Can you explain this a bit more.
No more than I do above.
Prop 5 applies to any function,
including the function in Prop 4.
Prop 5 says: given a function f:S->P(S), we can construct a set A_f, THAT
DEPENDS ON f, with the property that f(x)=/=A_f for any x in S.
Prop 4 says: if S is not empty, then given an element p in P(S), we
can construct a function g(p):S->P(S) (which I will call
g(p) to emphasize the separation between Prop 4 and 5), such that p is
in the range of g; that is, there exists s in S such that g(s)=q.
So, take a function f. Apply Prop. 5 to obtain the set A_f in
P(S). Now apply Prop. 4 to the set A_f to obtain a NEW function (not
necessarily equal to the f you started with), g(A_f):S->P(S), such
that there exists s in S for which g(A_f)(s) = A_f.
Can we now apply Prop 5 to g(A_f)? Yes, we can. But g(A_f) is not the
same as f, and so there is no reason to assume or suspect that
A_(g(A_f)) will be the same as A_f. In fact, it won't. Our function
g(A_f) is defined in Prop 4 as g(A_f)(s) = A_f for all s in
S. Therefore, the set A_g(A_f) is:
A_g(A_f) = { s in S : s notin A_g(A_f)(s) }
= { s in S : s notin A_f } by definition of A_g(A_f);
= S \ A_f.
That is, not only is the set you get from g(A_f) not the same as the
one you got from f, it is the COMPLEMENT of that set.

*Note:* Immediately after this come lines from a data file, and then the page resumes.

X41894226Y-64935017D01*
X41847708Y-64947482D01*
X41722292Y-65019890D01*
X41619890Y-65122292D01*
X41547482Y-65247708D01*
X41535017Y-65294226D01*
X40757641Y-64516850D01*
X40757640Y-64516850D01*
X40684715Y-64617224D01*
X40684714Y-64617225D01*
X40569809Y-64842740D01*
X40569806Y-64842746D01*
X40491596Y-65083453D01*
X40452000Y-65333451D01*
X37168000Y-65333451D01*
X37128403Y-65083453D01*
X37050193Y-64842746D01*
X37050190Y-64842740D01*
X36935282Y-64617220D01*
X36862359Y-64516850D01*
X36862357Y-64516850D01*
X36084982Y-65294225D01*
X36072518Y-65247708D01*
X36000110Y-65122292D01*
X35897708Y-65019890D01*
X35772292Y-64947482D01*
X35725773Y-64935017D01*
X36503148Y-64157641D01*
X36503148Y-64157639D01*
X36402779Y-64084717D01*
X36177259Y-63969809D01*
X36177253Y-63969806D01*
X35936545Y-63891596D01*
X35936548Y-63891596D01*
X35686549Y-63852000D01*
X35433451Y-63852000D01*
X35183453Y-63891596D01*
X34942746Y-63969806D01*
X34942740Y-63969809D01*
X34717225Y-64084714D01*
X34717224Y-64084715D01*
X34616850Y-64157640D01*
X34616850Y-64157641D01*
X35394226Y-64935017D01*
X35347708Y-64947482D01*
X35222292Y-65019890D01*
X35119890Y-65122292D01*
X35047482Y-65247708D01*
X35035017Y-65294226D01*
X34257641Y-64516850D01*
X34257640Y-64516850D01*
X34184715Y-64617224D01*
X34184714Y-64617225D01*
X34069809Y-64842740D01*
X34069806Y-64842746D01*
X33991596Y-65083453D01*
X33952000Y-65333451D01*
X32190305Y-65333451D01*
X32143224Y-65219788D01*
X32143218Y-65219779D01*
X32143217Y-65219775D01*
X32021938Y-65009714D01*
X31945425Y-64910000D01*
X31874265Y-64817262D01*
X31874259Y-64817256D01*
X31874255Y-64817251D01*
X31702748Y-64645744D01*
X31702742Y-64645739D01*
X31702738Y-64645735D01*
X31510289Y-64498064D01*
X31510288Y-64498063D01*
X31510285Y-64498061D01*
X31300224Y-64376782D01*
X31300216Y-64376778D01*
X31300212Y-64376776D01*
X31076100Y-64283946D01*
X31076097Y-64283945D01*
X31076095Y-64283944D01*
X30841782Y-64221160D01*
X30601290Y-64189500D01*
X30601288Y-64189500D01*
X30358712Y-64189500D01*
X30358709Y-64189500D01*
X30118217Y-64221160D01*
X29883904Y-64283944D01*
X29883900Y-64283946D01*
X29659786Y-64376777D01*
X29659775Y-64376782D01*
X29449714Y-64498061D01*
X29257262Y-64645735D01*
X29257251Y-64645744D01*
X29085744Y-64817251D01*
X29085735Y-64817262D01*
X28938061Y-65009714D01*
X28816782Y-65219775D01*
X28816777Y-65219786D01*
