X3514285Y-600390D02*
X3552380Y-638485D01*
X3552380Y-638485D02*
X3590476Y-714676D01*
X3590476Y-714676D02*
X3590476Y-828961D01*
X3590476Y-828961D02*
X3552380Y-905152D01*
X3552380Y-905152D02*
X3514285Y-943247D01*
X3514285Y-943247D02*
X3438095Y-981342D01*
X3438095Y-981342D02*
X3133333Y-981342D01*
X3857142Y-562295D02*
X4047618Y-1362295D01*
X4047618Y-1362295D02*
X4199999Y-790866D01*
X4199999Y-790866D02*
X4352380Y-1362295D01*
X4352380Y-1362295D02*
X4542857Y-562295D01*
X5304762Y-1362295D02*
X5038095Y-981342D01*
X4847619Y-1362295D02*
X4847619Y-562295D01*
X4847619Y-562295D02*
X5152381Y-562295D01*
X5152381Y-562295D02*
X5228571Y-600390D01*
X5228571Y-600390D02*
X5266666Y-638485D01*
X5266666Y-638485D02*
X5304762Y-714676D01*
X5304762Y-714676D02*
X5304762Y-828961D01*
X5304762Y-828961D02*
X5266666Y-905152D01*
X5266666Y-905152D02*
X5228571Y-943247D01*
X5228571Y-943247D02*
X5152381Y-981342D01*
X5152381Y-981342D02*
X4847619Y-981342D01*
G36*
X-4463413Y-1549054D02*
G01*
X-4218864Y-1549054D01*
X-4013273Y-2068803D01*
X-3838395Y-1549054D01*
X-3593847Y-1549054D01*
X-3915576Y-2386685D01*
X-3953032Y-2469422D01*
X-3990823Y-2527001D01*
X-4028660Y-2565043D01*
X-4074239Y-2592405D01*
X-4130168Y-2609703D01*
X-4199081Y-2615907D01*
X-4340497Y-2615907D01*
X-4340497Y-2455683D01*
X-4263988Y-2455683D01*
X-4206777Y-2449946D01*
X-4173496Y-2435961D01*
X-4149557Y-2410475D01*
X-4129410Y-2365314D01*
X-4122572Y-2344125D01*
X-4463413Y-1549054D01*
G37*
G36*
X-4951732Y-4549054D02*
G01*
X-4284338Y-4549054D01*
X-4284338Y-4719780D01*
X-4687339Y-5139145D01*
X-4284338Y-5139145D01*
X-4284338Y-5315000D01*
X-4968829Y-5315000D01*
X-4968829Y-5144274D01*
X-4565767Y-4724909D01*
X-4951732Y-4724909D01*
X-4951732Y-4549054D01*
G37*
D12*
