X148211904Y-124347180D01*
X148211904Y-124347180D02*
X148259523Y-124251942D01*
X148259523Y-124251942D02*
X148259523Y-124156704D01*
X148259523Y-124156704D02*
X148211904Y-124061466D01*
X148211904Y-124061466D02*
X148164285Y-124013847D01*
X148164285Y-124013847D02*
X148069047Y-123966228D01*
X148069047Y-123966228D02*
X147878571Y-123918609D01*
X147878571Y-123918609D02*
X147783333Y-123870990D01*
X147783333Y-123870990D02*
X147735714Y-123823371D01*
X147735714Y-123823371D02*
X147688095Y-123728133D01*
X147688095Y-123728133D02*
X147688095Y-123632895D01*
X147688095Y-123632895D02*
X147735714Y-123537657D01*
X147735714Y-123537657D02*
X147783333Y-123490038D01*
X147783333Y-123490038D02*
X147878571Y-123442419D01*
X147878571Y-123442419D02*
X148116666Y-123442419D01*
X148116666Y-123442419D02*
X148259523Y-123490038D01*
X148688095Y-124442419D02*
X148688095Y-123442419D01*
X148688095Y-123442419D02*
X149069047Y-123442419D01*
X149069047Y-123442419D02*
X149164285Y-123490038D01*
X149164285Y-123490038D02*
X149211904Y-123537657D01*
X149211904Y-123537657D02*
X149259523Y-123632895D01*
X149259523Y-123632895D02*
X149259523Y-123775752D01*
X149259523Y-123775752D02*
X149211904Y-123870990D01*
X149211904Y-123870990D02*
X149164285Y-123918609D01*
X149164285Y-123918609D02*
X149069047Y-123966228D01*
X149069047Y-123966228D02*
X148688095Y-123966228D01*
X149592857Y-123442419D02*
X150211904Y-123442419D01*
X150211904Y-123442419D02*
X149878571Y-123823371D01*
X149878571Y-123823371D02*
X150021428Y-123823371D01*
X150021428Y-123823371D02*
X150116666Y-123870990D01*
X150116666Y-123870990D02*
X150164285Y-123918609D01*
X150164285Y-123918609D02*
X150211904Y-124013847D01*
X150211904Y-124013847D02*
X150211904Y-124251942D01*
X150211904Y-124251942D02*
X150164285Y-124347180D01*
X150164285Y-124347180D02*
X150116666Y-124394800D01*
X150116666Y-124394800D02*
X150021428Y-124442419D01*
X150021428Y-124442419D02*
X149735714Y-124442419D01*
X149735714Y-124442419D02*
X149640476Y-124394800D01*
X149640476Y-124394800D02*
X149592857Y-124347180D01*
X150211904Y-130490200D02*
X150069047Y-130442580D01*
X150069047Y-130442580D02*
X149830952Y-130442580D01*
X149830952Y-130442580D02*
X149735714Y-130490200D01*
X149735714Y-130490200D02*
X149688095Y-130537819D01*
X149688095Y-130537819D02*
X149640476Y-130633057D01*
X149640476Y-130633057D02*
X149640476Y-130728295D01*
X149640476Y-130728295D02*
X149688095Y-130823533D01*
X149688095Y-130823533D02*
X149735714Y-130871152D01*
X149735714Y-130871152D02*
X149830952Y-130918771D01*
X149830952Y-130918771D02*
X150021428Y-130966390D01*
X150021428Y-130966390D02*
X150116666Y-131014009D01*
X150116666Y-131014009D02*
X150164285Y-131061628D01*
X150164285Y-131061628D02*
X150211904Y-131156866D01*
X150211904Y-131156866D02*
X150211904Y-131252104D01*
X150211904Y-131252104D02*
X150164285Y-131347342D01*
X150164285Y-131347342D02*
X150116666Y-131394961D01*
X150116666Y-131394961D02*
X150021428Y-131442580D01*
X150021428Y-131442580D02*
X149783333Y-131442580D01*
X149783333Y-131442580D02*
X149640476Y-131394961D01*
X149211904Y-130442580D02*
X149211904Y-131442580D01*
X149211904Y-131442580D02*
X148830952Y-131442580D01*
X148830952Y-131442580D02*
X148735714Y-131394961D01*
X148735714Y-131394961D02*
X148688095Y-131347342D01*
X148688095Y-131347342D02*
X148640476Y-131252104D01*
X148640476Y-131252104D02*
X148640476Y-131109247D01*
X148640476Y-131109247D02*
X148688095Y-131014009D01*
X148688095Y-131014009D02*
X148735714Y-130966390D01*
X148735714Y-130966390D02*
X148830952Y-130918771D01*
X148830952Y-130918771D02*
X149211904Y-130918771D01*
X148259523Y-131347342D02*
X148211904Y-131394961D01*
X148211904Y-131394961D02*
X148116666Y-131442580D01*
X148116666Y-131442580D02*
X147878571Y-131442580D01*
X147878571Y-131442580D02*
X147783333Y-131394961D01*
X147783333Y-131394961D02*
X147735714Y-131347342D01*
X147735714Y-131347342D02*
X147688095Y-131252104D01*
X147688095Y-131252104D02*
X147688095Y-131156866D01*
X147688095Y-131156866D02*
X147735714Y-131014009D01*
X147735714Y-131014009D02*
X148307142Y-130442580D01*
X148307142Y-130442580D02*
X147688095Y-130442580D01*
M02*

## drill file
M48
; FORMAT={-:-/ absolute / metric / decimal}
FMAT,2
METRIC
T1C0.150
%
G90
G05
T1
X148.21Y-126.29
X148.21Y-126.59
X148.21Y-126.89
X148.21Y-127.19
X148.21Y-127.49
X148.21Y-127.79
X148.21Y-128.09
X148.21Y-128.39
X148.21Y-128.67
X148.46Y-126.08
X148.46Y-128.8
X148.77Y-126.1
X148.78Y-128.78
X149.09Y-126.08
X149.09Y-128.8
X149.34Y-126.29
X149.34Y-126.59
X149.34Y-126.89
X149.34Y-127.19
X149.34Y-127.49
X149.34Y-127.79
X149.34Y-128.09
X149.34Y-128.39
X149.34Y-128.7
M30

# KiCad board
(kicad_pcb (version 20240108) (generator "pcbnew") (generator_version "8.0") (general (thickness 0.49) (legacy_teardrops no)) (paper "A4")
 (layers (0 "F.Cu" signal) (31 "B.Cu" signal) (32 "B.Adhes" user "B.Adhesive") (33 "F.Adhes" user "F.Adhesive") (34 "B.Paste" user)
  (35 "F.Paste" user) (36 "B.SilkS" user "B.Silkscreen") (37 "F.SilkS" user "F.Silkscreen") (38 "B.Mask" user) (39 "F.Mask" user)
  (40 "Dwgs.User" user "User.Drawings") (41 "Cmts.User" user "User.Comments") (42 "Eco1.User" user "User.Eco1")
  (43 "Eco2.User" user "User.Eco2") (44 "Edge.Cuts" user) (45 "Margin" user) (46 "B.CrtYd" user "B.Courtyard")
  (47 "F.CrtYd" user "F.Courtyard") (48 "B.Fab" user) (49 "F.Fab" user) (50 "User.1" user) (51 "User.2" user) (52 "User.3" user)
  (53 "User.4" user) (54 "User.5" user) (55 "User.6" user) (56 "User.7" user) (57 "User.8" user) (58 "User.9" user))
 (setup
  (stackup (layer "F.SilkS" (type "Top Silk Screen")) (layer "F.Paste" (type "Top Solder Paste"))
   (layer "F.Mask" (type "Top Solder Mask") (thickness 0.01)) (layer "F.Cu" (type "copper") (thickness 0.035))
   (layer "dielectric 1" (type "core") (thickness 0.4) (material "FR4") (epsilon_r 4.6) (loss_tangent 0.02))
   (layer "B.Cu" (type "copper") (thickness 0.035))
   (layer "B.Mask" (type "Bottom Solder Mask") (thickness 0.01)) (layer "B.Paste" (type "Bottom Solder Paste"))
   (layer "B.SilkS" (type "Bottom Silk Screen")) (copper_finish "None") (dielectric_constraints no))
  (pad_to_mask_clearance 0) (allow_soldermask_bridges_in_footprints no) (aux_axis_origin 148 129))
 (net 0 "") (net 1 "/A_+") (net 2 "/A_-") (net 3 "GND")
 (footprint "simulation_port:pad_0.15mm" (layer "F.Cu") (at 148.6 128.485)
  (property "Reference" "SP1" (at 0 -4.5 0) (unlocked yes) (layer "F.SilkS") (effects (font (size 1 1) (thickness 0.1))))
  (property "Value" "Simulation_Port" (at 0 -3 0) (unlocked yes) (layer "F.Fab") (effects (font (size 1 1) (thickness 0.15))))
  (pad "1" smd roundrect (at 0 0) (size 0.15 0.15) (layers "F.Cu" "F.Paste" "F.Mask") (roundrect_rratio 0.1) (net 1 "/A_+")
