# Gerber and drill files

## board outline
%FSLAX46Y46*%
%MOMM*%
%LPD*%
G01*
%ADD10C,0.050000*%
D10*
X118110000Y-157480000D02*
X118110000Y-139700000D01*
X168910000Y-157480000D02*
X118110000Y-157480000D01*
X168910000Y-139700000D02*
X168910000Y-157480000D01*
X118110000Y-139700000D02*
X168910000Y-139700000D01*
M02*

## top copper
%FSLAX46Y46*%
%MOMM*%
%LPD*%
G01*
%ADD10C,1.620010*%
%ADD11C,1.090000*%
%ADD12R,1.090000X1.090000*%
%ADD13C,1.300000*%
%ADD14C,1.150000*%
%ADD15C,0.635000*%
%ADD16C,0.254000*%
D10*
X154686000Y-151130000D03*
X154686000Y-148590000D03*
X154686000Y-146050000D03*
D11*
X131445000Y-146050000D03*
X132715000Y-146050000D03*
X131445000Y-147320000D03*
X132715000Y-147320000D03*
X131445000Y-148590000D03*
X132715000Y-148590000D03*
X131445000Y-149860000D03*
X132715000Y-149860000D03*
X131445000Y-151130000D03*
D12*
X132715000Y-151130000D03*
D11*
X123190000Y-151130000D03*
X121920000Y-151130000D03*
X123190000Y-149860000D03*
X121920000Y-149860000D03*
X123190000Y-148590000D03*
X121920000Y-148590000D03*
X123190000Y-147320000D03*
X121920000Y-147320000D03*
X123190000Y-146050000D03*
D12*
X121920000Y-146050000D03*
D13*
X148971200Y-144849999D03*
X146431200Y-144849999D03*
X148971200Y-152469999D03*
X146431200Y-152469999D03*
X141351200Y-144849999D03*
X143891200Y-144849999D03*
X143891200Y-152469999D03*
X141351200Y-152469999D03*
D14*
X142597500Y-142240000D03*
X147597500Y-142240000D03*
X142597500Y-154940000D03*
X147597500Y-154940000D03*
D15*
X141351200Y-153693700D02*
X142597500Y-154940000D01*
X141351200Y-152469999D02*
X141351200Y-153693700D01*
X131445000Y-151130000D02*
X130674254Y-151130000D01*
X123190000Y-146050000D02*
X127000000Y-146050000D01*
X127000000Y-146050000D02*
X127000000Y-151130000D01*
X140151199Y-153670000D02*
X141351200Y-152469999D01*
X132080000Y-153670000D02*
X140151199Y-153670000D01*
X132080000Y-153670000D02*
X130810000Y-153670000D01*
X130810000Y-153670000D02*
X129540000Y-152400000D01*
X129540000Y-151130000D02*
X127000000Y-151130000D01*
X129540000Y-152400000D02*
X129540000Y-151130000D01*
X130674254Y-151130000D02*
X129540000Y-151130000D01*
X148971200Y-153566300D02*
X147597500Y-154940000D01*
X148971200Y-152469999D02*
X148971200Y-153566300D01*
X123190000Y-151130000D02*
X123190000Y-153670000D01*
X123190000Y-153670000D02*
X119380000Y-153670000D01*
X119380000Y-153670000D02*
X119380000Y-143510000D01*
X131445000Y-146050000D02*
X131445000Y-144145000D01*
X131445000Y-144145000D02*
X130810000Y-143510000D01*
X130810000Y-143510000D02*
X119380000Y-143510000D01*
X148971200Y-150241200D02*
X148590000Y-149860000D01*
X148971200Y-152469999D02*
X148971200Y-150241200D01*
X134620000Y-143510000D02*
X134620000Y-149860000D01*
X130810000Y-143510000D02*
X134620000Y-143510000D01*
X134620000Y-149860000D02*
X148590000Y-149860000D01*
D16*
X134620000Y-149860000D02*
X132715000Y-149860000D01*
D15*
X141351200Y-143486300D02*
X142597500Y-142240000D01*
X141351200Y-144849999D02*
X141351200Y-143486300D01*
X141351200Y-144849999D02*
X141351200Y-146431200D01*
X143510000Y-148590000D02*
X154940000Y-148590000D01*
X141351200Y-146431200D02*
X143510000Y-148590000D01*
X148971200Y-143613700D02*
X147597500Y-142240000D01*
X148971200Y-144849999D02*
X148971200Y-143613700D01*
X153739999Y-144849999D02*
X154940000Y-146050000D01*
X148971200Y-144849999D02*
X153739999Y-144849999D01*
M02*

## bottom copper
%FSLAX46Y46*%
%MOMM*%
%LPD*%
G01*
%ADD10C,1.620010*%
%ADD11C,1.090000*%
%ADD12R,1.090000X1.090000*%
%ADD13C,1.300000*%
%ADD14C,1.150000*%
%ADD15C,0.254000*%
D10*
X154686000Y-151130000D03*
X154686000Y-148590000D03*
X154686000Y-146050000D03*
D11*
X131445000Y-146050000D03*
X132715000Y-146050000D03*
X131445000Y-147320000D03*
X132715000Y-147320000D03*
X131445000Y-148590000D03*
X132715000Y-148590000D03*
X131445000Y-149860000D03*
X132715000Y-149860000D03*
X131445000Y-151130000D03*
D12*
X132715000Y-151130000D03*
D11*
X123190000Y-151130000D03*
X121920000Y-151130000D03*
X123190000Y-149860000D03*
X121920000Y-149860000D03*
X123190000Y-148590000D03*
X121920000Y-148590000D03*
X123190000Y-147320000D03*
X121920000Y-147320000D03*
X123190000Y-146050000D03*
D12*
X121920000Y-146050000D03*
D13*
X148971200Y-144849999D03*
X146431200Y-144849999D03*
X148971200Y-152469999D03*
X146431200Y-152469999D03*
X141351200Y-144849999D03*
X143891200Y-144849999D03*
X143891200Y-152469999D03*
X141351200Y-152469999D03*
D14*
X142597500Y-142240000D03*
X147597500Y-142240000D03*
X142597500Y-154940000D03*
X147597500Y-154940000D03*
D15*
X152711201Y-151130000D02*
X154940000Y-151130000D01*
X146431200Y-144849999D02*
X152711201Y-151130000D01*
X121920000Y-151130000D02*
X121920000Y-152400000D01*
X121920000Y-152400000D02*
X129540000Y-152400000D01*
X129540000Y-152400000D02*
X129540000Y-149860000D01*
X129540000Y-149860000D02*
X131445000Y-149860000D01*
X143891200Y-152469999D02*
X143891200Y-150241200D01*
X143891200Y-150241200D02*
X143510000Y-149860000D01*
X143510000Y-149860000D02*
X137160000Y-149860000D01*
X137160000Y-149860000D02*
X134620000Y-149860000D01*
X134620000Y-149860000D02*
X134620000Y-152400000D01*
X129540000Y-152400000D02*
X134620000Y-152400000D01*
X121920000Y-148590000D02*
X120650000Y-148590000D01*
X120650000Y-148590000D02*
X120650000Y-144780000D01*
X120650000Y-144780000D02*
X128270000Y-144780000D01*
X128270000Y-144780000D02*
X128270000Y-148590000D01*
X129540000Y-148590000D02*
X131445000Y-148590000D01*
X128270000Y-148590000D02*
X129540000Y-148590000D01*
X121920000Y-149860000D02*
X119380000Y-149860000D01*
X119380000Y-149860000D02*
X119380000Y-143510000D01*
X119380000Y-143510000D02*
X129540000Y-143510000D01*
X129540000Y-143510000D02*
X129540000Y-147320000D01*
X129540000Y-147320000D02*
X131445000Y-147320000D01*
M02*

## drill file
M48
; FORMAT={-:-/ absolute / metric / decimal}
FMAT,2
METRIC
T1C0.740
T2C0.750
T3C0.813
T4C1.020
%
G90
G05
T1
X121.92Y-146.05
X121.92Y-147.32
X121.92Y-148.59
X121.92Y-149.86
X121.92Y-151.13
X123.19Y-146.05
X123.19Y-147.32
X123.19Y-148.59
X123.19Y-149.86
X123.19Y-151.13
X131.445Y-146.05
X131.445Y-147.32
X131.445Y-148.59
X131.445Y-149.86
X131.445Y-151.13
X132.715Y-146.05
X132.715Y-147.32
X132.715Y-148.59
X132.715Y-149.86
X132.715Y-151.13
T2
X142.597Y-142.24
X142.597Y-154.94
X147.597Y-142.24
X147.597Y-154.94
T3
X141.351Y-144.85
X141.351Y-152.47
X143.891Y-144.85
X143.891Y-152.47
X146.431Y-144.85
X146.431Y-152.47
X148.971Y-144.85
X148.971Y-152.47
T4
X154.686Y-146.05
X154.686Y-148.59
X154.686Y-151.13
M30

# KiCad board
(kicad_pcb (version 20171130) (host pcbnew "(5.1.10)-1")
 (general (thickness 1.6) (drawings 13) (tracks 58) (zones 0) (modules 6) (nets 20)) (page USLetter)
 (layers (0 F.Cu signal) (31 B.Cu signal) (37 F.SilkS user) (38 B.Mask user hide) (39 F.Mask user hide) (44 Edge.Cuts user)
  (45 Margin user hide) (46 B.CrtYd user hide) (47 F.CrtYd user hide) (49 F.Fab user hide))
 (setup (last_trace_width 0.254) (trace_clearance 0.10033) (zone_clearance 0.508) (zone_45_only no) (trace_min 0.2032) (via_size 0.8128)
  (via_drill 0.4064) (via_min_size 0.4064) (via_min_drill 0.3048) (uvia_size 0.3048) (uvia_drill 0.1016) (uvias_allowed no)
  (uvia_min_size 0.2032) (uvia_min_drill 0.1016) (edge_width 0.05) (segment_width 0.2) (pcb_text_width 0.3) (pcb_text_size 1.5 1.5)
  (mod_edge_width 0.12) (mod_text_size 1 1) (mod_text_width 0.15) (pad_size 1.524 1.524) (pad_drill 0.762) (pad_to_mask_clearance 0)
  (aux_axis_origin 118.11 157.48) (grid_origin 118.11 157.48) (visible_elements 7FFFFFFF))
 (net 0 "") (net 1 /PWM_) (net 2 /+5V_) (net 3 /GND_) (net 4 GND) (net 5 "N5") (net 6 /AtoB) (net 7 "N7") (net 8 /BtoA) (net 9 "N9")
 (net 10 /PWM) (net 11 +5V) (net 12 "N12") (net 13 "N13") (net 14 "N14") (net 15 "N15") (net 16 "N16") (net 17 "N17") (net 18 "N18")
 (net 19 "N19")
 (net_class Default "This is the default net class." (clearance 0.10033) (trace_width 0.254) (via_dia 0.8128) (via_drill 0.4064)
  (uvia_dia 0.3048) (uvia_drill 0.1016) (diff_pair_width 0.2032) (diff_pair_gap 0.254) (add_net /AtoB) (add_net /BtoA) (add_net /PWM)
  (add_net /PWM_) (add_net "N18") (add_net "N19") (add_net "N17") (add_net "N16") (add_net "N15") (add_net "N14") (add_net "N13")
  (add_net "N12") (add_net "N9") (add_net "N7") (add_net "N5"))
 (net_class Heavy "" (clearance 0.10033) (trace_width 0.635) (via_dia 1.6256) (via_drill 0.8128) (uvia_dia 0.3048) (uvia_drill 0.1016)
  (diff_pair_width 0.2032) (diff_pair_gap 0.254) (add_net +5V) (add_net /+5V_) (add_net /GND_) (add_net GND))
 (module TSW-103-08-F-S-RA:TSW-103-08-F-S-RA (layer F.Cu) (at 157.48 148.59 270)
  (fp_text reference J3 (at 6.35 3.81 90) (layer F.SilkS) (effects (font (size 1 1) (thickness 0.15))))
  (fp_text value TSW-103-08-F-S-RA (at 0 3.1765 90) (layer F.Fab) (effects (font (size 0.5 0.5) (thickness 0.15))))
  (pad 3 thru_hole circle (at 2.54 2.794 270) (size 1.62001 1.62001) (drill 1.01999) (layers *.Cu) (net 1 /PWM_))
  (pad 2 thru_hole circle (at 0 2.794 270) (size 1.62001 1.62001) (drill 1.01999) (layers *.Cu) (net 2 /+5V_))
  (pad 1 thru_hole circle (at -2.54 2.794 270) (size 1.62001 1.62001) (drill 1.01999) (layers *.Cu) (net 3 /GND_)))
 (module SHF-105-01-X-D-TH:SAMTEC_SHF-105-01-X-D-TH (layer F.Cu) (at 132.08 148.59 90)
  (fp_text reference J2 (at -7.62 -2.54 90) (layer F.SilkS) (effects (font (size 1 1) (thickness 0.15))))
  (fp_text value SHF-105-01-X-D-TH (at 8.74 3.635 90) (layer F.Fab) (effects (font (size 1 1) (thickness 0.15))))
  (pad 10 thru_hole circle (at 2.54 -0.635 90) (size 1.09 1.09) (drill 0.74) (layers *.Cu *.Mask) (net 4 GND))
  (pad 09 thru_hole circle (at 2.54 0.635 90) (size 1.09 1.09) (drill 0.74) (layers *.Cu *.Mask) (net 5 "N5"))
  (pad 08 thru_hole circle (at 1.27 -0.635 90) (size 1.09 1.09) (drill 0.74) (layers *.Cu *.Mask) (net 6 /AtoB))
  (pad 07 thru_hole circle (at 1.27 0.635 90) (size 1.09 1.09) (drill 0.74) (layers *.Cu *.Mask) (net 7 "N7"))
  (pad 06 thru_hole circle (at 0 -0.635 90) (size 1.09 1.09) (drill 0.74) (layers *.Cu *.Mask) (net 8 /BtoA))
  (pad 05 thru_hole circle (at 0 0.635 90) (size 1.09 1.09) (drill 0.74) (layers *.Cu *.Mask) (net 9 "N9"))
  (pad 04 thru_hole circle (at -1.27 -0.635 90) (size 1.09 1.09) (drill 0.74) (layers *.Cu *.Mask) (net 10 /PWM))
  (pad 03 thru_hole circle (at -1.27 0.635 90) (size 1.09 1.09) (drill 0.74) (layers *.Cu *.Mask) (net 4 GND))
  (pad 02 thru_hole circle (at -2.54 -0.635 90) (size 1.09 1.09) (drill 0.74) (layers *.Cu *.Mask) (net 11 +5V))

Given ~(Ef)( A_f in range(f) ) isn't
it true that ~(A_{f(s)} in range(f(s))?
Not the way you are interpreting it, which is as if A_{f(A_f)} were
equal to A_f.
Proposition 4 says:
(Ap) (p in S(p) ->
(Ef(p))(f(p):S->P(S), f(p) is a function,
and (Ex)(x in S and f(p)(x)=p )) )
Err,no.
It's the meaning of what you wrote: for every p, if p is an element of
S(p), then there exists a function f(p) from S to P(S) such that p is
in the range of f(p). That is exactly what that says.
Now, the PROOF in fact constructs f(p) as a constant function, but
that was not what Prop 4 stated.
It says:
(Ap)(p in S(p) ->
(Ef(s))( f(s):S -> P(S), f(s) is a function, and (Ax)(x in S and
f(s)=p).
No, that is not what Prop 4 stated. That is the function that was
exhibited in the proof that satisfied the statement.
Question: Would it have been a whole lot clearer if I constructed the
proofs using just the one function from Prop 4?
What would have been better is if you had kept the difference between
functions you get from subsets per Prop 4 separate from subsets you
get from functions per Prop 5.
Look: Prop 4 is a "machine" that, given a subset p, gives you a
function g(p) with some properties.
Prop 5 is a "machine" that, given a function f:S->P(S), gives you a
set A_f with some properties.
To get Prop 5 started you need a function, and the set you get will
depend on the function.
To get Prop 4 started you need a set, and the function you get will
depend on the subset.
So, you have a way to go from P(S) to the set
{f : f is a function from S to P(S)}.
And you have a wa to go from the set
{g : g is a function from S to P(S)} to P(S).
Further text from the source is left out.